We live in a nice house but water is not consistent and we have rats. We even caught one and named it “Willow” before releasing him miles from our house.

We have no idea what we are doing each day, and the people we are working with are not forthright in their conversation or friendship. But we are learning our lessons and taking our challenges with some grace and creativity. Tonight we just discussed how we could better break down some cultural and work barriers and show the people around us that we care for them.
But I don’t want to learn these lessons and forget them when the race ends.
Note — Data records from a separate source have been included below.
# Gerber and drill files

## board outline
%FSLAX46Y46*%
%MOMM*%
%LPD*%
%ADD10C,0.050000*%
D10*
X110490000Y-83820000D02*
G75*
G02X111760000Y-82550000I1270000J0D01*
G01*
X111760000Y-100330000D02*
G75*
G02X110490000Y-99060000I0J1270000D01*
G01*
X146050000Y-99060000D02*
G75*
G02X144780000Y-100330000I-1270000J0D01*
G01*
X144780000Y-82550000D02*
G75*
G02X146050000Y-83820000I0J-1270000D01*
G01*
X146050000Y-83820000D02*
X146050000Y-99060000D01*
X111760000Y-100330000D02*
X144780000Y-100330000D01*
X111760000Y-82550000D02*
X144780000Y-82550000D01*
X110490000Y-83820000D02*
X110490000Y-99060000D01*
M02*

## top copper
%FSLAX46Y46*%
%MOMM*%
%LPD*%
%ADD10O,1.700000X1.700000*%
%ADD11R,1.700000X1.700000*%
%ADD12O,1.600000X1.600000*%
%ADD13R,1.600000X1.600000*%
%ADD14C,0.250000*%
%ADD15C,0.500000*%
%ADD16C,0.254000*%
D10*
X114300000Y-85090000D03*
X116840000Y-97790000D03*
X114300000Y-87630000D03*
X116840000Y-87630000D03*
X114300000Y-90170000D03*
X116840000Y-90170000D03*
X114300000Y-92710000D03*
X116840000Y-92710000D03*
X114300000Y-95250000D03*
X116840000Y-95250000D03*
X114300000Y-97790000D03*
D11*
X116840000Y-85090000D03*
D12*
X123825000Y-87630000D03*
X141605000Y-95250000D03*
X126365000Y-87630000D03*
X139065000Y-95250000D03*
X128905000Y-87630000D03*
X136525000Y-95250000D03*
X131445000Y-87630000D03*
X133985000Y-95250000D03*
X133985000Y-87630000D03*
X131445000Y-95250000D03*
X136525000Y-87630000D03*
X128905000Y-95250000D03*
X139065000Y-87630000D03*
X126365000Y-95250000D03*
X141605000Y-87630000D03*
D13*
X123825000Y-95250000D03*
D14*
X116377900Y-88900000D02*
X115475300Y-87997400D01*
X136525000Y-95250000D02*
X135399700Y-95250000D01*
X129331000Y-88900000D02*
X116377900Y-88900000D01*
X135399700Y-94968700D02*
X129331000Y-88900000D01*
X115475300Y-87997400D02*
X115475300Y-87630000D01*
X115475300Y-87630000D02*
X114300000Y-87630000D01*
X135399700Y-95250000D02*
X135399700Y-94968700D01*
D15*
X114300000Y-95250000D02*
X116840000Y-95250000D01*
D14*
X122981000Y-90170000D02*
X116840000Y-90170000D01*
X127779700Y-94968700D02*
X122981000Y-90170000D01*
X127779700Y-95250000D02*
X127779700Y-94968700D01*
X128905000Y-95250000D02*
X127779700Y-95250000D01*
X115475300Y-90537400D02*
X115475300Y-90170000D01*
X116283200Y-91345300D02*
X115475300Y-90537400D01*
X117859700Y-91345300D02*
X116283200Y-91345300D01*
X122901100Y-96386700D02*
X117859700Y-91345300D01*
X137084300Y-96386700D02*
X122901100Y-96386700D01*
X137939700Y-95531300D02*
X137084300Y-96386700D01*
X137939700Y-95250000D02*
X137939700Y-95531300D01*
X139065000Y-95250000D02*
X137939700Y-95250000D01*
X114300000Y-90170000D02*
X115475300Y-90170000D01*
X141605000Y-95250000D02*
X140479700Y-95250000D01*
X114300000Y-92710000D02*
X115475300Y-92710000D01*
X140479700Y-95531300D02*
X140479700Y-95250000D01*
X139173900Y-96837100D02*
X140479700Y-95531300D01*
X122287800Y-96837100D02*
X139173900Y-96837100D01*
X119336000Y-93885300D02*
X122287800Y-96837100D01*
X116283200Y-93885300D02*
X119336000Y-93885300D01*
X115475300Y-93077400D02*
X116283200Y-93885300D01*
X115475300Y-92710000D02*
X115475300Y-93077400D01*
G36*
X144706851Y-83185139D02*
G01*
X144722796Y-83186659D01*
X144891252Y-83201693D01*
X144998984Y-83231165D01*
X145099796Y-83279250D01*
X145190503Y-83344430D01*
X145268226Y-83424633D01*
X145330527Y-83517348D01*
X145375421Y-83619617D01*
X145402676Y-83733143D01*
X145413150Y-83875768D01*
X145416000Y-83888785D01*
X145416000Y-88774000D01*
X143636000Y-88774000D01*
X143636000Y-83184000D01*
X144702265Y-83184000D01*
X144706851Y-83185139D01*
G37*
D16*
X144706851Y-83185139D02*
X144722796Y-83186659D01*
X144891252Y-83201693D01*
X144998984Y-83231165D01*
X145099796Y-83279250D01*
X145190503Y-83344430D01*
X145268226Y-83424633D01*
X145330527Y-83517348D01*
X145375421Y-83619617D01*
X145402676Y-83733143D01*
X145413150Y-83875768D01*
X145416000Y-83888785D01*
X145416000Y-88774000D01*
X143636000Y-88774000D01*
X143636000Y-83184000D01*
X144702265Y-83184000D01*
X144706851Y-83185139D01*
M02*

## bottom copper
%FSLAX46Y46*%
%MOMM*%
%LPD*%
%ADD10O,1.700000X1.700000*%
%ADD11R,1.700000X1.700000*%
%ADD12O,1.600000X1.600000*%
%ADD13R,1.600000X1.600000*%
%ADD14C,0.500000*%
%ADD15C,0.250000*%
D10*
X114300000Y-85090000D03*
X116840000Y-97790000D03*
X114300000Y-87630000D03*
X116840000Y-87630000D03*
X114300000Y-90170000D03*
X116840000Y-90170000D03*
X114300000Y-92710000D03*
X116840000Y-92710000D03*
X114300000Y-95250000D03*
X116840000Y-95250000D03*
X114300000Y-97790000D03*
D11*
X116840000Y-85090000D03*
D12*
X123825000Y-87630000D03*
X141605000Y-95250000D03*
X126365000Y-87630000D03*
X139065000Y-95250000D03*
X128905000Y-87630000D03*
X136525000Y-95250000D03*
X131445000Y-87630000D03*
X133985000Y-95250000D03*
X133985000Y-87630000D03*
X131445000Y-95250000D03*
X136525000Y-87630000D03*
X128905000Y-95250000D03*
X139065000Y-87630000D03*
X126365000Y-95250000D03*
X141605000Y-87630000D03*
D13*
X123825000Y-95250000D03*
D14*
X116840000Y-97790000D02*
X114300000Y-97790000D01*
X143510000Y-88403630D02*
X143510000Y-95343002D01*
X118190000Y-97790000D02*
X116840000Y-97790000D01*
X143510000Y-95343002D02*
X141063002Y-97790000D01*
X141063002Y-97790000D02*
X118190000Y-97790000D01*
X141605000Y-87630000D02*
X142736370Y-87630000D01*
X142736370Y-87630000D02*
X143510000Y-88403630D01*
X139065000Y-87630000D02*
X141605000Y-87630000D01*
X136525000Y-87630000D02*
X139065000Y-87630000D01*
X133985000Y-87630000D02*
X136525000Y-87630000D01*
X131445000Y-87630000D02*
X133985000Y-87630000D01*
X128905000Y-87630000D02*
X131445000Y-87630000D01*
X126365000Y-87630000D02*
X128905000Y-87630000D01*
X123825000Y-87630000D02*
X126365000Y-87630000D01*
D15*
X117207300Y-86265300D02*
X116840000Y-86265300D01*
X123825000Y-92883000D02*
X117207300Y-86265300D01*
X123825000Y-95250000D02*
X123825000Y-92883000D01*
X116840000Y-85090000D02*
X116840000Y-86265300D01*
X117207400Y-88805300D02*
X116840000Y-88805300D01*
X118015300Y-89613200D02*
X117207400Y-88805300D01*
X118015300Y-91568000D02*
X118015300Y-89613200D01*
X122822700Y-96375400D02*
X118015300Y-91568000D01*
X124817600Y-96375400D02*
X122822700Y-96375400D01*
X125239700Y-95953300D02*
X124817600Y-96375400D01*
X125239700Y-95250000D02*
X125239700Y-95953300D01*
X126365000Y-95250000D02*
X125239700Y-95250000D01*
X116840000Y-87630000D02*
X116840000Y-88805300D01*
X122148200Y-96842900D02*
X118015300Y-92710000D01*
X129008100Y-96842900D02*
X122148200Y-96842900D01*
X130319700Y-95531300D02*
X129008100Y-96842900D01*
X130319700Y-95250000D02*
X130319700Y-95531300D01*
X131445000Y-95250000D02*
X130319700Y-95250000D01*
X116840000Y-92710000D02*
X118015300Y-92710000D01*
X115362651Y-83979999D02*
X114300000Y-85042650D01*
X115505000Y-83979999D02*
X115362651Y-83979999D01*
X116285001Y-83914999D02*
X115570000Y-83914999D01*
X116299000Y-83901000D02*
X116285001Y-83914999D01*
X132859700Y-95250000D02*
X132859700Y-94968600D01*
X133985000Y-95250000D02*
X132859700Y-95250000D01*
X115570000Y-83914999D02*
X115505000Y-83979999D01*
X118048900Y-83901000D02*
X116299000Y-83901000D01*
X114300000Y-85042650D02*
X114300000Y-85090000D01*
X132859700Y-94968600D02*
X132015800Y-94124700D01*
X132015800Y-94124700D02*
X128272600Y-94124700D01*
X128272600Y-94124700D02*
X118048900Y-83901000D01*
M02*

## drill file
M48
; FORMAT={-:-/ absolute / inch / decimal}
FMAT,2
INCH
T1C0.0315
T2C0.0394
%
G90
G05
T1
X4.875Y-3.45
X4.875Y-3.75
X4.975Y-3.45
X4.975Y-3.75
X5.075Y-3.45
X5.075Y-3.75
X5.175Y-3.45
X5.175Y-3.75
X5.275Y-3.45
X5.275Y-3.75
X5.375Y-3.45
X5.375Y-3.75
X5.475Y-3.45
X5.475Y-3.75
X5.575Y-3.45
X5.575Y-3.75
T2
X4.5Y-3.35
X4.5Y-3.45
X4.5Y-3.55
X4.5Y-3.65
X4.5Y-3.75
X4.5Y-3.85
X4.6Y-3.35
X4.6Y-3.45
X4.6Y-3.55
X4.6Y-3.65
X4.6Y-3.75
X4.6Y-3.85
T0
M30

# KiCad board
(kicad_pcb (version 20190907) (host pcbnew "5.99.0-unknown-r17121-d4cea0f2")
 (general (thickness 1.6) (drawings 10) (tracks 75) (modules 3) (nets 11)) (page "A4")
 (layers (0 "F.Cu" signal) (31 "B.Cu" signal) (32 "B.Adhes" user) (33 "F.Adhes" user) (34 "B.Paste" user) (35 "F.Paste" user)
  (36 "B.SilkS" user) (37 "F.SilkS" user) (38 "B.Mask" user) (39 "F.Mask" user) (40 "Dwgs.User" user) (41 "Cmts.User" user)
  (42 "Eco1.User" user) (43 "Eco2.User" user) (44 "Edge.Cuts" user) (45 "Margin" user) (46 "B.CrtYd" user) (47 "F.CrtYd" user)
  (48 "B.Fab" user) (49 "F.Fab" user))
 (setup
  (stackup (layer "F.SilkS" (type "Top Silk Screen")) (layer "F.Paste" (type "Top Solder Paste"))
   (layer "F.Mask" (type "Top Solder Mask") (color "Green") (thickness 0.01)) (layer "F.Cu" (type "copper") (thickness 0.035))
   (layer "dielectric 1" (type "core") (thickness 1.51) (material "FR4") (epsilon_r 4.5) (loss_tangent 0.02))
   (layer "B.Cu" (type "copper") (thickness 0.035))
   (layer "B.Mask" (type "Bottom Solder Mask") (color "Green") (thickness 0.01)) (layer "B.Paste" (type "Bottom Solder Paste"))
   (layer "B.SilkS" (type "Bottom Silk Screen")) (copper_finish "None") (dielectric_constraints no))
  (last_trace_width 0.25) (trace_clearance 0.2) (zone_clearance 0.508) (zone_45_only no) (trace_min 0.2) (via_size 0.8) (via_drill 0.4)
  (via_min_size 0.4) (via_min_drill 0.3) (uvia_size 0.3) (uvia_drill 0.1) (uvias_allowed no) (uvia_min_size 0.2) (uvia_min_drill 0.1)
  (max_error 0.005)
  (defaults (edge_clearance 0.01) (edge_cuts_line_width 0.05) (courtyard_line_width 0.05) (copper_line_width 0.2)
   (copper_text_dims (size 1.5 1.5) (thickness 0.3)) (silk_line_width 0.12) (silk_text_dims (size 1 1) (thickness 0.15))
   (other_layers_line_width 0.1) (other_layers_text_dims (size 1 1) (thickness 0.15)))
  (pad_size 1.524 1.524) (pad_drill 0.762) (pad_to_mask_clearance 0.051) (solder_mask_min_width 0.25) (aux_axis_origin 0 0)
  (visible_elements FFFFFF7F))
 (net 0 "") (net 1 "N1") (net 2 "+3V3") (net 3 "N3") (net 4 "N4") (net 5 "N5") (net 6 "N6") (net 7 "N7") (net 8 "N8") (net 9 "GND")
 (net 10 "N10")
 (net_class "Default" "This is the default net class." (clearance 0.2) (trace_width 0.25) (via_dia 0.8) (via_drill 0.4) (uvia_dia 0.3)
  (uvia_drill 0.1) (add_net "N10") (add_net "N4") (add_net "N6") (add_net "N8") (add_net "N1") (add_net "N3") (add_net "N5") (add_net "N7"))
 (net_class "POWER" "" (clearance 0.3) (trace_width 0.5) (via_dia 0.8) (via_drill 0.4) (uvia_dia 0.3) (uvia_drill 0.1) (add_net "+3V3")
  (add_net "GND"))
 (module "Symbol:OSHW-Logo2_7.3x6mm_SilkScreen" (layer "B.Cu") (at 123.444 91.44 180)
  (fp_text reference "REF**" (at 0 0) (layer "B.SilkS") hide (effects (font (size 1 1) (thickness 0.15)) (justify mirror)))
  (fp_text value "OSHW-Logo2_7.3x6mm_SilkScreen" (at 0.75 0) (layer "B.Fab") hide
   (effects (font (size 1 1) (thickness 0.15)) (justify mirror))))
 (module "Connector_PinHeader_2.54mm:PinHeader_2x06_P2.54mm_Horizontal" (layer "F.Cu") (at 116.84 97.79 180)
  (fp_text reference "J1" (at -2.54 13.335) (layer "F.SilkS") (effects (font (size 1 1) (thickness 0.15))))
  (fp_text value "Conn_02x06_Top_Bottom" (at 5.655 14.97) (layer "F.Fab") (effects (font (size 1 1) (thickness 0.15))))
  (pad "7" thru_hole oval (at 2.54 12.7 180) (size 1.7 1.7) (drill 1) (layers *.Cu *.Mask) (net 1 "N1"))
  (pad "6" thru_hole oval (at 0 0 180) (size 1.7 1.7) (drill 1) (layers *.Cu *.Mask) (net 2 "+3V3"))
  (pad "8" thru_hole oval (at 2.54 10.16 180) (size 1.7 1.7) (drill 1) (layers *.Cu *.Mask) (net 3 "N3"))
  (pad "2" thru_hole oval (at 0 10.16 180) (size 1.7 1.7) (drill 1) (layers *.Cu *.Mask) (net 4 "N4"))
  (pad "9" thru_hole oval (at 2.54 7.62 180) (size 1.7 1.7) (drill 1) (layers *.Cu *.Mask) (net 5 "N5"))
  (pad "3" thru_hole oval (at 0 7.62 180) (size 1.7 1.7) (drill 1) (layers *.Cu *.Mask) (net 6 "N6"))
  (pad "10" thru_hole oval (at 2.54 5.08 180) (size 1.7 1.7) (drill 1) (layers *.Cu *.Mask) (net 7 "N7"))
  (pad "4" thru_hole oval (at 0 5.08 180) (size 1.7 1.7) (drill 1) (layers *.Cu *.Mask) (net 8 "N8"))
  (pad "11" thru_hole oval (at 2.54 2.54 180) (size 1.7 1.7) (drill 1) (layers *.Cu *.Mask) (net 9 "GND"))
  (pad "5" thru_hole oval (at 0 2.54 180) (size 1.7 1.7) (drill 1) (layers *.Cu *.Mask) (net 9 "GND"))
  (pad "12" thru_hole oval (at 2.54 0 180) (size 1.7 1.7) (drill 1) (layers *.Cu *.Mask) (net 2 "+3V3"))
  (pad "1" thru_hole rect (at 0 12.7 180) (size 1.7 1.7) (drill 1) (layers *.Cu *.Mask) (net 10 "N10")))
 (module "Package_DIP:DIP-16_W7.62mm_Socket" (layer "F.Cu") (at 123.825 95.25 90)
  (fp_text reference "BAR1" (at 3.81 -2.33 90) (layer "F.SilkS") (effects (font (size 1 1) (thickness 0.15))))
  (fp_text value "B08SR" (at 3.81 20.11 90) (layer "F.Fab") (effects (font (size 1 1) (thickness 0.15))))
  (pad "16" thru_hole oval (at 7.62 0 90) (size 1.6 1.6) (drill 0.8) (layers *.Cu *.Mask) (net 2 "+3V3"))
  (pad "8" thru_hole oval (at 0 17.78 90) (size 1.6 1.6) (drill 0.8) (layers *.Cu *.Mask) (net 7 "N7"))
  (pad "15" thru_hole oval (at 7.62 2.54 90) (size 1.6 1.6) (drill 0.8) (layers *.Cu *.Mask) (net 2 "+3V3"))
  (pad "7" thru_hole oval (at 0 15.24 90) (size 1.6 1.6) (drill 0.8) (layers *.Cu *.Mask) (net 5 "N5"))
  (pad "14" thru_hole oval (at 7.62 5.08 90) (size 1.6 1.6) (drill 0.8) (layers *.Cu *.Mask) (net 2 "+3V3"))
  (pad "6" thru_hole oval (at 0 12.7 90) (size 1.6 1.6) (drill 0.8) (layers *.Cu *.Mask) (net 3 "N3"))
  (pad "13" thru_hole oval (at 7.62 7.62 90) (size 1.6 1.6) (drill 0.8) (layers *.Cu *.Mask) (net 2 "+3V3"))
  (pad "5" thru_hole oval (at 0 10.16 90) (size 1.6 1.6) (drill 0.8) (layers *.Cu *.Mask) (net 1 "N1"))
  (pad "12" thru_hole oval (at 7.62 10.16 90) (size 1.6 1.6) (drill 0.8) (layers *.Cu *.Mask) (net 2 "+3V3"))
I don’t want to feel like I crammed for a very long and hard test, only to forget the information when I don’t think it is useful anymore in my life. My prayer is that what God has done to me, through me, and taught me on this race will take a deep, deep root. And will only continue growing.
And that I will have the grace and wisdom to recognize that in the times when I fail to remember what I was taught–when I forget who He is and who I am in Him–that it is not me taking steps back in my journey.
His good work in me has taken root.
And the root might simply be snagged on a rock in the depths of the dirt,
right before the stone breaks apart,
under the pressure of the persistent, indomitable vine.
Thank you all for your prayers. Please continue to pray for me and my team!